● **RECORDS PROVIDED**:
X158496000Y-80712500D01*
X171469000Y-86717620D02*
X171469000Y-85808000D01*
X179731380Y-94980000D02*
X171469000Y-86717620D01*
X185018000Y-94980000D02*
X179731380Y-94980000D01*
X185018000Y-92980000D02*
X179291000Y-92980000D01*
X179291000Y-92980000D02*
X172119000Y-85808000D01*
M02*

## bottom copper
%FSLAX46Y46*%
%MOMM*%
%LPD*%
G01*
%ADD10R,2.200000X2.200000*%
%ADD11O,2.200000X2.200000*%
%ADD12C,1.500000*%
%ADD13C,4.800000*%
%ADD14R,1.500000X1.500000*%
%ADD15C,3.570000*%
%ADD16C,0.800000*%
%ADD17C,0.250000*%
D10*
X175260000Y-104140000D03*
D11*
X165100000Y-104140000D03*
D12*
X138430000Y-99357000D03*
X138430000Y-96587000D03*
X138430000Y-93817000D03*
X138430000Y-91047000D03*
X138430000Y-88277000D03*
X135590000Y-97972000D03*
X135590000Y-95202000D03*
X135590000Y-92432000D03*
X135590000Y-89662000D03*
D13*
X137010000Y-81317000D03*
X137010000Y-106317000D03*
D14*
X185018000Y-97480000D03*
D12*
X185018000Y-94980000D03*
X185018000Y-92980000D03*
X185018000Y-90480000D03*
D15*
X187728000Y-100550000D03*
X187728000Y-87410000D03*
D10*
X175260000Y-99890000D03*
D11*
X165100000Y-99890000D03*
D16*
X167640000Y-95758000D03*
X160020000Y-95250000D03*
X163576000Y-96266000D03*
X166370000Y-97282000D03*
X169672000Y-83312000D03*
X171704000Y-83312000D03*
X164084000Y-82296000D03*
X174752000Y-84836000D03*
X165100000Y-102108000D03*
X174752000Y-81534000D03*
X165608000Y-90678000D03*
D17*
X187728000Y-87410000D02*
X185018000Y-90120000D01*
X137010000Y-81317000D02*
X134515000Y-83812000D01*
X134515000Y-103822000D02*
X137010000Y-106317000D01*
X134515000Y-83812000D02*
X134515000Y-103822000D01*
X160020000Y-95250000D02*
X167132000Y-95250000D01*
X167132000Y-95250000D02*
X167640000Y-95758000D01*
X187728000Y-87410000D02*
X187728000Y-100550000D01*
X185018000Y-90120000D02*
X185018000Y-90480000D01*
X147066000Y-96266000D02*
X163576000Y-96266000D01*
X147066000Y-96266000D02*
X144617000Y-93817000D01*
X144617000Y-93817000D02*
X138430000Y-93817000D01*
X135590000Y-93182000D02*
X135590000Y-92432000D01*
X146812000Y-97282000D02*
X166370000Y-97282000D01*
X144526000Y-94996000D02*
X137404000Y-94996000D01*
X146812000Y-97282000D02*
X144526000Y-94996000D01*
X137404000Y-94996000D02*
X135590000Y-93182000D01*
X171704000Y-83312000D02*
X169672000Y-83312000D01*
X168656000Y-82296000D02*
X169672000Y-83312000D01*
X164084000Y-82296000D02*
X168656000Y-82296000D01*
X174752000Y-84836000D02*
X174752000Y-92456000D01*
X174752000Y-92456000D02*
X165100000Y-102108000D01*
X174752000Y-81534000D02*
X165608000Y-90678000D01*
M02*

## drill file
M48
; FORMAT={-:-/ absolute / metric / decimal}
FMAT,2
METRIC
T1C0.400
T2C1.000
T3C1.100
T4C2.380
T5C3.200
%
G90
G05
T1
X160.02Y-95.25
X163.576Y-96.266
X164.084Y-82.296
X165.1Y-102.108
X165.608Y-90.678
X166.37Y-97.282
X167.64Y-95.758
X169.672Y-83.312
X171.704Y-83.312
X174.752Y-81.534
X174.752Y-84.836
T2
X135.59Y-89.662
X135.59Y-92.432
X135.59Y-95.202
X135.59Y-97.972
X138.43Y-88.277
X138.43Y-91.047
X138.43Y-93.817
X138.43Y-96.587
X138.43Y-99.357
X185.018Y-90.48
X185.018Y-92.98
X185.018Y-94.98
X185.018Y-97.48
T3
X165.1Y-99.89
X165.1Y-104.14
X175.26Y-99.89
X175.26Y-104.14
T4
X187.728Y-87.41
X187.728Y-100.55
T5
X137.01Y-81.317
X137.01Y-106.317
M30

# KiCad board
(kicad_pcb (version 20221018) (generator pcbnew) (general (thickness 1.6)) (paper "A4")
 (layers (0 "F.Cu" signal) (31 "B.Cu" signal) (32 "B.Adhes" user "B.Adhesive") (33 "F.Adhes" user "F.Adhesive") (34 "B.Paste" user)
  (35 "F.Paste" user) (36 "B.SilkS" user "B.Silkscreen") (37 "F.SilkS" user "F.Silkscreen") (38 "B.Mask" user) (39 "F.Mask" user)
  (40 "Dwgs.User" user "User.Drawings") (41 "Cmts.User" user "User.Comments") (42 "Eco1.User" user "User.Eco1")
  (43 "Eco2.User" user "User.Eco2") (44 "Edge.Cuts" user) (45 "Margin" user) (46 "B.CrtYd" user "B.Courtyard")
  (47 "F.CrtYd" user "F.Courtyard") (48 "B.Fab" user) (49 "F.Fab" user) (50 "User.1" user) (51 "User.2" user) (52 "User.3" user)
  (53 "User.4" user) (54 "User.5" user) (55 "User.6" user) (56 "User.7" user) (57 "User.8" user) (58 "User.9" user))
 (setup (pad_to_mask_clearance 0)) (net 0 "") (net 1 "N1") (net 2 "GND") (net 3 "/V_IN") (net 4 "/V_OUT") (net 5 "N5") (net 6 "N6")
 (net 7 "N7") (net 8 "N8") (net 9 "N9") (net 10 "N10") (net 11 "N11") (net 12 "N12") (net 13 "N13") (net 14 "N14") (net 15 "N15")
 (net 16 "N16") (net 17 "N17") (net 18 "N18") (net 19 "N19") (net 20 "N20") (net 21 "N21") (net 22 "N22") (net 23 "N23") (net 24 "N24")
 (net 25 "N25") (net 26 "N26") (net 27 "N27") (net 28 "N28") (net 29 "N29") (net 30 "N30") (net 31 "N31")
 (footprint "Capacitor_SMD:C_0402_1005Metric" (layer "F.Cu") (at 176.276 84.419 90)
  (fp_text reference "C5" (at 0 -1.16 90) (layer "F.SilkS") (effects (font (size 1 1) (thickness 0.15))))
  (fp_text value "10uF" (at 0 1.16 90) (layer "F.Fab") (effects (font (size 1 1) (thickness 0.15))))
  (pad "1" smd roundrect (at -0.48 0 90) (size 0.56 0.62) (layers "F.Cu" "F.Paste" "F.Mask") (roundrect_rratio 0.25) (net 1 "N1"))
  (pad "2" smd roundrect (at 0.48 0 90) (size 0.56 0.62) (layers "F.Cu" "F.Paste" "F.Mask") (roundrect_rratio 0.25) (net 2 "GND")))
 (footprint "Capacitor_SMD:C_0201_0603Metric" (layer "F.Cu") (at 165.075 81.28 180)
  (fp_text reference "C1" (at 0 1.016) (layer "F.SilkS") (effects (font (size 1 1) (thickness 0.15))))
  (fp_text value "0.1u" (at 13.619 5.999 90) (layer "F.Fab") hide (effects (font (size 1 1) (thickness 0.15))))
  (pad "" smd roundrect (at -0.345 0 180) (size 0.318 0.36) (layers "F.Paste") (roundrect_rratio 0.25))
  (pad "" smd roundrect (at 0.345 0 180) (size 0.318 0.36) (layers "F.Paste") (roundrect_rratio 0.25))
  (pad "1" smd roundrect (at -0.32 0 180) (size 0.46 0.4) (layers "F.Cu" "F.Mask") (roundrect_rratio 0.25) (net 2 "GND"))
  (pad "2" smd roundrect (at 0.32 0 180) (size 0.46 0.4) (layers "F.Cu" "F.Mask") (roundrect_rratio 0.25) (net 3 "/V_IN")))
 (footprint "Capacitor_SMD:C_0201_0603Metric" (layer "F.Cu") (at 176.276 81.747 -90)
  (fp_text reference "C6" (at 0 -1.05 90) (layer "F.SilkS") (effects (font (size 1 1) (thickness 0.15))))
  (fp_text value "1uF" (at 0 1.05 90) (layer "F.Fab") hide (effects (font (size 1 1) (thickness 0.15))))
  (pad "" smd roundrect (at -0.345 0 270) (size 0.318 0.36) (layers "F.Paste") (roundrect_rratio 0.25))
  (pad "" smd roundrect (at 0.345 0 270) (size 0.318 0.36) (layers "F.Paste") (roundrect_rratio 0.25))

● **AIM OF THE TASK**:
Everything from the line containing "-0.345 0 180)" through the last line above should be set down exactly; include no other lines.

● **EXERCISE ANSWER**:
  (pad "" smd roundrect (at -0.345 0 180) (size 0.318 0.36) (layers "F.Paste") (roundrect_rratio 0.25))
  (pad "" smd roundrect (at 0.345 0 180) (size 0.318 0.36) (layers "F.Paste") (roundrect_rratio 0.25))
  (pad "1" smd roundrect (at -0.32 0 180) (size 0.46 0.4) (layers "F.Cu" "F.Mask") (roundrect_rratio 0.25) (net 2 "GND"))
  (pad "2" smd roundrect (at 0.32 0 180) (size 0.46 0.4) (layers "F.Cu" "F.Mask") (roundrect_rratio 0.25) (net 3 "/V_IN")))
 (footprint "Capacitor_SMD:C_0201_0603Metric" (layer "F.Cu") (at 176.276 81.747 -90)
  (fp_text reference "C6" (at 0 -1.05 90) (layer "F.SilkS") (effects (font (size 1 1) (thickness 0.15))))
  (fp_text value "1uF" (at 0 1.05 90) (layer "F.Fab") hide (effects (font (size 1 1) (thickness 0.15))))
  (pad "" smd roundrect (at -0.345 0 270) (size 0.318 0.36) (layers "F.Paste") (roundrect_rratio 0.25))
  (pad "" smd roundrect (at 0.345 0 270) (size 0.318 0.36) (layers "F.Paste") (roundrect_rratio 0.25))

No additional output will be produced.